### [What you have to do]
Filter the entries below, keeping only lines with the word "user".

### [Supplied data]
=== Section Start ===

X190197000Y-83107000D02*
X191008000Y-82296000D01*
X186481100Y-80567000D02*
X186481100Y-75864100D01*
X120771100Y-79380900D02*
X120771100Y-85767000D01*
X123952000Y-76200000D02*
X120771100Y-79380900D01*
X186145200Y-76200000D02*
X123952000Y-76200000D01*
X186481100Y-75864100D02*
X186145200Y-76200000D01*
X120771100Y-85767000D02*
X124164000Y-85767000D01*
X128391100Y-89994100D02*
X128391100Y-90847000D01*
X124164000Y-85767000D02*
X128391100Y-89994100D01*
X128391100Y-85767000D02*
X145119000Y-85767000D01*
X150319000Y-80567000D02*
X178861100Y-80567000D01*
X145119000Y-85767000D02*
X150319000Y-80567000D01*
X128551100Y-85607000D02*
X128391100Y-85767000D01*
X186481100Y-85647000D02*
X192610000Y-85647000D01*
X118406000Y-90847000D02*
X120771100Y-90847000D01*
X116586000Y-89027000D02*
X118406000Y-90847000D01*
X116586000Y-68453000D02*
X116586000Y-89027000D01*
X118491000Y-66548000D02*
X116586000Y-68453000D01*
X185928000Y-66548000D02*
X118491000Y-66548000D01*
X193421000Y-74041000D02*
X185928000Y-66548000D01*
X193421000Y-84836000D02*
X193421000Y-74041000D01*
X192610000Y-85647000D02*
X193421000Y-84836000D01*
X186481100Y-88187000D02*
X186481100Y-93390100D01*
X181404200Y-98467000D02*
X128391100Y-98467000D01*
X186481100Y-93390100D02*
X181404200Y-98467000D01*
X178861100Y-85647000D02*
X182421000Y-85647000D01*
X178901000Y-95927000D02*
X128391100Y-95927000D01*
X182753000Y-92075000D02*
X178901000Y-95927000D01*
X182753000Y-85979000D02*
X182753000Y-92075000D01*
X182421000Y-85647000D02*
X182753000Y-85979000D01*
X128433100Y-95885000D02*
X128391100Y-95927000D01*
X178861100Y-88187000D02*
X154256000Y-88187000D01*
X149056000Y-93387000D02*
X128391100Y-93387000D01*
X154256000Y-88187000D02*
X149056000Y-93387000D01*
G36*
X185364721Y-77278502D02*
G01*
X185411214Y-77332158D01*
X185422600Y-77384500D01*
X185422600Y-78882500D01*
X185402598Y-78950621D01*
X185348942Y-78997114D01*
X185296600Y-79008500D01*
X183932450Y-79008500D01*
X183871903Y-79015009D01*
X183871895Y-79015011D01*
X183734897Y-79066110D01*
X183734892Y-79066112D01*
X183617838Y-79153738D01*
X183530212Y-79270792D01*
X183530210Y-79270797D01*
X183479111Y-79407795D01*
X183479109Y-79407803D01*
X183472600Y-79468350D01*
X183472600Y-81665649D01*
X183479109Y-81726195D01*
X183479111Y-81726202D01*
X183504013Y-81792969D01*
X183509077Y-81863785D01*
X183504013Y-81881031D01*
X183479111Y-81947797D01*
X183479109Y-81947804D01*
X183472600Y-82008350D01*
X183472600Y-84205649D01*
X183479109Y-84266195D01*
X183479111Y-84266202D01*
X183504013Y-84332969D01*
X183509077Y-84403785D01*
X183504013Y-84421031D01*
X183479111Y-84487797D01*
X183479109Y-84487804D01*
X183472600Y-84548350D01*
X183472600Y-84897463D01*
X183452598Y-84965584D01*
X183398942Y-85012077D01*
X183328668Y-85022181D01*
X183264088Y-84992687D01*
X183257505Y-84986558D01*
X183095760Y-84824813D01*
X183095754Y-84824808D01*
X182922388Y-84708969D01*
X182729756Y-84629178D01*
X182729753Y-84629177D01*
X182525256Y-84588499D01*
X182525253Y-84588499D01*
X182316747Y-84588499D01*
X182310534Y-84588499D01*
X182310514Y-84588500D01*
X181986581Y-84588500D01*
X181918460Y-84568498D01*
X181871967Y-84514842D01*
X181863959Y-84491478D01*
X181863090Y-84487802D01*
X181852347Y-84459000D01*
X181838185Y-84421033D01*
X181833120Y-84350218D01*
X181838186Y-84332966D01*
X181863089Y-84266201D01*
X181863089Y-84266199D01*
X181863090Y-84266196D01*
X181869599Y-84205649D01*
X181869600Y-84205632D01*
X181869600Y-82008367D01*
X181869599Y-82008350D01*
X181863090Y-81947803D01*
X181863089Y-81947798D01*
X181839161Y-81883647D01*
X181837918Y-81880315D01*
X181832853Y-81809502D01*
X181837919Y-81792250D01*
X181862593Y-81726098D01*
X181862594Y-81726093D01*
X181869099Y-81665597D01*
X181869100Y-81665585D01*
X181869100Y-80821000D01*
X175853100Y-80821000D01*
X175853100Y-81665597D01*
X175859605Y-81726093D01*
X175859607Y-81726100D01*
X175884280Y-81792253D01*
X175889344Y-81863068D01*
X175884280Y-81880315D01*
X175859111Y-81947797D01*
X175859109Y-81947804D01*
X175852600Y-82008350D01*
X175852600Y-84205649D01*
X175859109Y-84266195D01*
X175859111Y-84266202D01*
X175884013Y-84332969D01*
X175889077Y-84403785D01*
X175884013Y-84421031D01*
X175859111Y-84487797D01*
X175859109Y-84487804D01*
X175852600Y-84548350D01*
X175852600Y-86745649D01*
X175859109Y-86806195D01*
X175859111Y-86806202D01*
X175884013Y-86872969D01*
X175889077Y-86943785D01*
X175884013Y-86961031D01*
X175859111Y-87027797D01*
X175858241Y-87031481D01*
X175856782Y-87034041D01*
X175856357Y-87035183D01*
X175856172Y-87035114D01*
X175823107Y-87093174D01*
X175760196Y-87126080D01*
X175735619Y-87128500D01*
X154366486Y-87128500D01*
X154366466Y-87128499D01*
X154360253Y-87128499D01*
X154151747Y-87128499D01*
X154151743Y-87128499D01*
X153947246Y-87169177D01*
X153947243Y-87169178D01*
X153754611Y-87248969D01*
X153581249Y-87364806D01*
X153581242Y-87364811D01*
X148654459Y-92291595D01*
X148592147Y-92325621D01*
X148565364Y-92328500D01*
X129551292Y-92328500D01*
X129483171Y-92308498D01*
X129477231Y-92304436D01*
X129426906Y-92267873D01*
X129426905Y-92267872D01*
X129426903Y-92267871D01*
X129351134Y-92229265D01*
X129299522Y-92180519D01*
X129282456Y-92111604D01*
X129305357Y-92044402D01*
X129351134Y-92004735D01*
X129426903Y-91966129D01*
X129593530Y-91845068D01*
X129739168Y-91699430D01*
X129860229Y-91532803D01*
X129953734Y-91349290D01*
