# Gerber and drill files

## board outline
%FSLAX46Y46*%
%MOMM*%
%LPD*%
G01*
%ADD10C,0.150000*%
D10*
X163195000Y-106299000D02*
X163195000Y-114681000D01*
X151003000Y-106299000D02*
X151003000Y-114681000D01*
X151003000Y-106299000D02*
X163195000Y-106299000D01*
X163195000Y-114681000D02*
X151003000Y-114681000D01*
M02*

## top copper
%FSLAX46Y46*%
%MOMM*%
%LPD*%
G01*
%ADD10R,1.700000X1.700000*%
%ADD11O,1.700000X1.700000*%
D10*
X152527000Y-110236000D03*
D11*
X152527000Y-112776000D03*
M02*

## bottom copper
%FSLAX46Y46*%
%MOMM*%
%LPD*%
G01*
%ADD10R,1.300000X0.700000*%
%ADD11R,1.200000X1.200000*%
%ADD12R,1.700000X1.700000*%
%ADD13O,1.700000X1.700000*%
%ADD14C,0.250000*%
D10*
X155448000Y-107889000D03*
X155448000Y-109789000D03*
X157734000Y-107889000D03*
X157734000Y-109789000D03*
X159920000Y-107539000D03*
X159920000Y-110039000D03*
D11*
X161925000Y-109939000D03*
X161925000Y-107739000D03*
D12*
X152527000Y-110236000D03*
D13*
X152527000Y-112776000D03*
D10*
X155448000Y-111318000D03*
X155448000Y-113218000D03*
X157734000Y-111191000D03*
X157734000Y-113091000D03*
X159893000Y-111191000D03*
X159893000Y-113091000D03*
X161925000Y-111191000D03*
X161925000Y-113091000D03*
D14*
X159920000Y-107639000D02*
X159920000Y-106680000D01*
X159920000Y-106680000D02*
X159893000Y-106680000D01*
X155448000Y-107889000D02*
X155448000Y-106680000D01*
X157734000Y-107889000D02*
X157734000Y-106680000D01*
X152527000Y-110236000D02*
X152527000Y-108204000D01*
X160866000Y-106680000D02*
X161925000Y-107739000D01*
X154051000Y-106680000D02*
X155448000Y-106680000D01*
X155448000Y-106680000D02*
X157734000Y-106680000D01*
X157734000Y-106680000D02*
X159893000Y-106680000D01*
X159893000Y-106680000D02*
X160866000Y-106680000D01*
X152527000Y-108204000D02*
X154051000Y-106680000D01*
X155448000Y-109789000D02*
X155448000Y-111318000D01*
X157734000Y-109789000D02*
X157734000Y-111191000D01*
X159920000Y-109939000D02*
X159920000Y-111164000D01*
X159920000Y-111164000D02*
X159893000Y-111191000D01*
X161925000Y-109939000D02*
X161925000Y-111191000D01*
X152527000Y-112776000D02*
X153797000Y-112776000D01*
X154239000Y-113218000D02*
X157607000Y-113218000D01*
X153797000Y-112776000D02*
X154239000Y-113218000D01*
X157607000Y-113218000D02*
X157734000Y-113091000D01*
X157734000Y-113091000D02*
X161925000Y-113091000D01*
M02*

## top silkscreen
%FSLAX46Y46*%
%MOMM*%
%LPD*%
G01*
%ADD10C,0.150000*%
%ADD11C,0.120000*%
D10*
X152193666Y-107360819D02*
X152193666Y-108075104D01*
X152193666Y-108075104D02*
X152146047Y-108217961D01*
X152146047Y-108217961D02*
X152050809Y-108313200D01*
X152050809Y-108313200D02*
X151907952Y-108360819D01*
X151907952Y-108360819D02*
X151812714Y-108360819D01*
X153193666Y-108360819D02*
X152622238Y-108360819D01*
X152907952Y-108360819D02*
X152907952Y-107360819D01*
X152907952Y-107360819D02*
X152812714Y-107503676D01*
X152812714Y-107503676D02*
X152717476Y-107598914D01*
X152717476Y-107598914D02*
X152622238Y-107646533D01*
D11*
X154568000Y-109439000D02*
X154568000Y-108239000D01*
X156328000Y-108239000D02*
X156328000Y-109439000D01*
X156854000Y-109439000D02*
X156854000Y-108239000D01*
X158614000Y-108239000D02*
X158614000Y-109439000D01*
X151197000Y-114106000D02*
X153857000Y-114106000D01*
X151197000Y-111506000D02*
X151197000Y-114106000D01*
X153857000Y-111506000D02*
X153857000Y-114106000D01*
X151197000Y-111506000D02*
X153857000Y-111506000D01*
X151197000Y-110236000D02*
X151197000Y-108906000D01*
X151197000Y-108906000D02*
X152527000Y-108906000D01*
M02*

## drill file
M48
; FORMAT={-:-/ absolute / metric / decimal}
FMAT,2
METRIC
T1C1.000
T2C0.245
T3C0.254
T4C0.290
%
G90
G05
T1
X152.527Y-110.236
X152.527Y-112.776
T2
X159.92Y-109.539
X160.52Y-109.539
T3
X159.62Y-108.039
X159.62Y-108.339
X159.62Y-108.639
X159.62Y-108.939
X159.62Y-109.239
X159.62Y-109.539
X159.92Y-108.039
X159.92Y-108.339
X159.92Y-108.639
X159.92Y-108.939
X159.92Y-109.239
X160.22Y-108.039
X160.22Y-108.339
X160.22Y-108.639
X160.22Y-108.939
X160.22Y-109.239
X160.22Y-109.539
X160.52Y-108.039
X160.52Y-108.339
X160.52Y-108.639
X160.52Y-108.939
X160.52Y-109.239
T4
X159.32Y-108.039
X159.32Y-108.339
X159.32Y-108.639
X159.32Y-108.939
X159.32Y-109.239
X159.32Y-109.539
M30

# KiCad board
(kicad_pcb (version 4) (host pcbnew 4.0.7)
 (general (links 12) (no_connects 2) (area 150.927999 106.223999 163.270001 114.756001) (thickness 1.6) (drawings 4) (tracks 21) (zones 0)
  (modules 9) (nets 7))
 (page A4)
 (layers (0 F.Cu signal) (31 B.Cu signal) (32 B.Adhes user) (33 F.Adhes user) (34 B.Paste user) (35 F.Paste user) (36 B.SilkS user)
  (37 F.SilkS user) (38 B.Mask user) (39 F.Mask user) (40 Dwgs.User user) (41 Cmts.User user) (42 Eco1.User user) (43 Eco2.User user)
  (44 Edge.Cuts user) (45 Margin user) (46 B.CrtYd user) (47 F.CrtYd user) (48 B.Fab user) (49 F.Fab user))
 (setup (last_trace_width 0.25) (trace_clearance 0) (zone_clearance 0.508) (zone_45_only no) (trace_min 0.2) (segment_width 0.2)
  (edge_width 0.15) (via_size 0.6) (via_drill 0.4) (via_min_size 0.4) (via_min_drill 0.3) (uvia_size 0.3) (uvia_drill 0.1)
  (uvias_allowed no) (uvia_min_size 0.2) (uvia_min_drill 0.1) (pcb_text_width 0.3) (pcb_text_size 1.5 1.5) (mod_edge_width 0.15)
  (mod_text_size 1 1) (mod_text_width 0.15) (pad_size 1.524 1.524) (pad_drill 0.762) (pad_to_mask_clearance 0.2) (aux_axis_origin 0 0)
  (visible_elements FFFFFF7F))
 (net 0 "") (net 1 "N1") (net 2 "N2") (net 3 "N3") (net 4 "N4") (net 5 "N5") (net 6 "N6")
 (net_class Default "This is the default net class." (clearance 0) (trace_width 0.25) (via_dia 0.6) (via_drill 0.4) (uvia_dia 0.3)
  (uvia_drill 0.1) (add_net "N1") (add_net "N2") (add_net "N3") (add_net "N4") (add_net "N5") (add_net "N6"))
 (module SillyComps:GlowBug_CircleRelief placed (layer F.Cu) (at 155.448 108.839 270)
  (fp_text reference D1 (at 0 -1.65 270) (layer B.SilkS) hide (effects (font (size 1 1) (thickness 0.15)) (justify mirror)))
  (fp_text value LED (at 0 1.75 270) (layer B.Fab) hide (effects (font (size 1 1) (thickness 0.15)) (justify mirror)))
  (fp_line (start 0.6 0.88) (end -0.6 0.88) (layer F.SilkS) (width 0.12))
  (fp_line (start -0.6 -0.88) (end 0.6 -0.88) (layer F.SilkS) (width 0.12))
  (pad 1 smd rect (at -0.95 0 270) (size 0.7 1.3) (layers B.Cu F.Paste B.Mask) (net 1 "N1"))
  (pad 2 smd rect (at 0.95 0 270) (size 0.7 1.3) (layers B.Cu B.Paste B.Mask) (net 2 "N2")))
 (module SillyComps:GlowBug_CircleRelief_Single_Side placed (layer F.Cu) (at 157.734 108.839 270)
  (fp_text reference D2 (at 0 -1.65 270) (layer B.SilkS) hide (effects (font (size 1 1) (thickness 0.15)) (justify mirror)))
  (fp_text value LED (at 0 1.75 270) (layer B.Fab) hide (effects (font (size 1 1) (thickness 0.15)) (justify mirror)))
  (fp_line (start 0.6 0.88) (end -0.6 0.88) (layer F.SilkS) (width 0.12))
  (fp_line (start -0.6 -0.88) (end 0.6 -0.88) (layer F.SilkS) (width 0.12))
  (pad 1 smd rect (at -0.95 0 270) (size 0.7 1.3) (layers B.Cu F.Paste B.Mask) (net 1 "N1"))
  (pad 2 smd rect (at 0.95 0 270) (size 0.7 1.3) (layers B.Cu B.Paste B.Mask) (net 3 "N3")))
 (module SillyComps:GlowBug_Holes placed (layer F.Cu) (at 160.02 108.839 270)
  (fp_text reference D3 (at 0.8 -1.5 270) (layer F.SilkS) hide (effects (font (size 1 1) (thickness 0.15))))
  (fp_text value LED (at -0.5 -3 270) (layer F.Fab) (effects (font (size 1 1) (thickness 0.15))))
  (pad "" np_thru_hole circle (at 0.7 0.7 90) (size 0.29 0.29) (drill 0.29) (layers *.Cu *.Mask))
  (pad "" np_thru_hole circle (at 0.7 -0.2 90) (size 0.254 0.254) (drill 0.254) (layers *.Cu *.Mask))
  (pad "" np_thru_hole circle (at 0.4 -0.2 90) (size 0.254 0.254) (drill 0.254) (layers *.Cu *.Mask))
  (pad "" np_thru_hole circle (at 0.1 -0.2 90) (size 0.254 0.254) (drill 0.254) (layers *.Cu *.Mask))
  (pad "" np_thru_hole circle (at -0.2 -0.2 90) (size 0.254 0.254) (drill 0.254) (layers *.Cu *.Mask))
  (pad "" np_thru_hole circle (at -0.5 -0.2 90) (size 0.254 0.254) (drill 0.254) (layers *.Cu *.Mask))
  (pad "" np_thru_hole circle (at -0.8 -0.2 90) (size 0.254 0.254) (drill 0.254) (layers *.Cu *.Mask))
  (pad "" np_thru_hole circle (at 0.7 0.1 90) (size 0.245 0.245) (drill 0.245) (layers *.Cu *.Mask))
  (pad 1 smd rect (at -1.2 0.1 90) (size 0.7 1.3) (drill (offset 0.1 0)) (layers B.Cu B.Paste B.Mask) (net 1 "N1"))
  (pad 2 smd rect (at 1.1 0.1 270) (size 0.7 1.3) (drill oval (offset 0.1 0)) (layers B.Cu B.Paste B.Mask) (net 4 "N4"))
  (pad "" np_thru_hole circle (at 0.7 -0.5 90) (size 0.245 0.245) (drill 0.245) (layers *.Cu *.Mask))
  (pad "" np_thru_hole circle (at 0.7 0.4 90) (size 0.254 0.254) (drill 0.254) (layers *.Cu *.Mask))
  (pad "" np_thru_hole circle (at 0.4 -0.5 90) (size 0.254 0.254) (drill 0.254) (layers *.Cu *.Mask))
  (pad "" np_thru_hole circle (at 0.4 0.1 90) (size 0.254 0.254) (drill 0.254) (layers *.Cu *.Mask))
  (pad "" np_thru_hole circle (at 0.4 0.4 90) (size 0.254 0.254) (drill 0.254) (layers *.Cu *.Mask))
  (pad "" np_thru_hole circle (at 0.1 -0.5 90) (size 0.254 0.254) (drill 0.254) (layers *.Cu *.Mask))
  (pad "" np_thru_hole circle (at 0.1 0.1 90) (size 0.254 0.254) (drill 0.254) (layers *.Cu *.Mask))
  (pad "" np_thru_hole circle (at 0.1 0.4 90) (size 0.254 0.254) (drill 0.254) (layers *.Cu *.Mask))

=== Section End ===
=== Section Start ===

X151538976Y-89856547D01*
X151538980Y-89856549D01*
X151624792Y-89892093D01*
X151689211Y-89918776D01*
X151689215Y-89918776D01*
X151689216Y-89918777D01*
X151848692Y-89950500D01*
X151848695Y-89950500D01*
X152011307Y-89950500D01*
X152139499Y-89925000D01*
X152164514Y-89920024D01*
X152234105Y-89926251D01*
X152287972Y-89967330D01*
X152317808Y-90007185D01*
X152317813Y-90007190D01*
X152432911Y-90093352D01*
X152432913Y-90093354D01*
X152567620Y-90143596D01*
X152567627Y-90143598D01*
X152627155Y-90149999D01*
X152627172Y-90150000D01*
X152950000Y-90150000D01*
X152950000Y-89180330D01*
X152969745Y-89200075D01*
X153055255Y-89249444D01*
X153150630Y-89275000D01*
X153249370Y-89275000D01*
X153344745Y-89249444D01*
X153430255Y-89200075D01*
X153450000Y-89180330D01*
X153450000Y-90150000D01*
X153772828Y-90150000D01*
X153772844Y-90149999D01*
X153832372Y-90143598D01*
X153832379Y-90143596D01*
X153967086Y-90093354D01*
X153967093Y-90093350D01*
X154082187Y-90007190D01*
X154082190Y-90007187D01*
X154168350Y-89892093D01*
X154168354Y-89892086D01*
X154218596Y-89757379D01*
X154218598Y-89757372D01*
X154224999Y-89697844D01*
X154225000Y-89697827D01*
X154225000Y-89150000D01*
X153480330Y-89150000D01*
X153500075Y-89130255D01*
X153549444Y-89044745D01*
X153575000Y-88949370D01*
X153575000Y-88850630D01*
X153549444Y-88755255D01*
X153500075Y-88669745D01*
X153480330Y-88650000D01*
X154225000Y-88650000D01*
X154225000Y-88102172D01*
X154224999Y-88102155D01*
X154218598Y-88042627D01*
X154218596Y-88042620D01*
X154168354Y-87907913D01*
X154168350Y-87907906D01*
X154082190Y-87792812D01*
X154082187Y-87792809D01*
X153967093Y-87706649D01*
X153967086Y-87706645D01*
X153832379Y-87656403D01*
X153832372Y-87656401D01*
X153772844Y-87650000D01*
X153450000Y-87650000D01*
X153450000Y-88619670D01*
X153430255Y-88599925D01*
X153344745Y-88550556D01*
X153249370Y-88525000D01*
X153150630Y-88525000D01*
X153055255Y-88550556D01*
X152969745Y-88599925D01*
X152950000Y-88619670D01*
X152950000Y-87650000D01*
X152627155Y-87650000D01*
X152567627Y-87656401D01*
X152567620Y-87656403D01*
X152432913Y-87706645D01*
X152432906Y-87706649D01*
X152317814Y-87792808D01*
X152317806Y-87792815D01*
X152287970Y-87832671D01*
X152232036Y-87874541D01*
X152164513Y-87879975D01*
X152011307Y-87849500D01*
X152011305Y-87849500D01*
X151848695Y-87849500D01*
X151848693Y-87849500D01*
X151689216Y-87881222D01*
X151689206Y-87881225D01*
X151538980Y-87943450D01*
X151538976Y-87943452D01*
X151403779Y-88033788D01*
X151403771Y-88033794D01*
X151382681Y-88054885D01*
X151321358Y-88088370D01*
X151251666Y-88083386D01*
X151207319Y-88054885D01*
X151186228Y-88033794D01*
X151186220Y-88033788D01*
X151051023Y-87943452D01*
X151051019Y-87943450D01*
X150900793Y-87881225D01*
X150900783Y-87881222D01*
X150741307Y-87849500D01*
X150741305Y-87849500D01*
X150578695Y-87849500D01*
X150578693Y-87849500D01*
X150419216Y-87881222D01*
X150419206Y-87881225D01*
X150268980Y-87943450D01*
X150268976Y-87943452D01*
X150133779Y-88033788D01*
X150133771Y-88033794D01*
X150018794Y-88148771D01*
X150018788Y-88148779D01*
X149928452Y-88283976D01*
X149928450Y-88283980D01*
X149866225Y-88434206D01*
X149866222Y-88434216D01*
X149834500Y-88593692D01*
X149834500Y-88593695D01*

=== Section End ===

### [Output of the task]
 (layers (0 F.Cu signal) (31 B.Cu signal) (32 B.Adhes user) (33 F.Adhes user) (34 B.Paste user) (35 F.Paste user) (36 B.SilkS user)
  (37 F.SilkS user) (38 B.Mask user) (39 F.Mask user) (40 Dwgs.User user) (41 Cmts.User user) (42 Eco1.User user) (43 Eco2.User user)
  (44 Edge.Cuts user) (45 Margin user) (46 B.CrtYd user) (47 F.CrtYd user) (48 B.Fab user) (49 F.Fab user))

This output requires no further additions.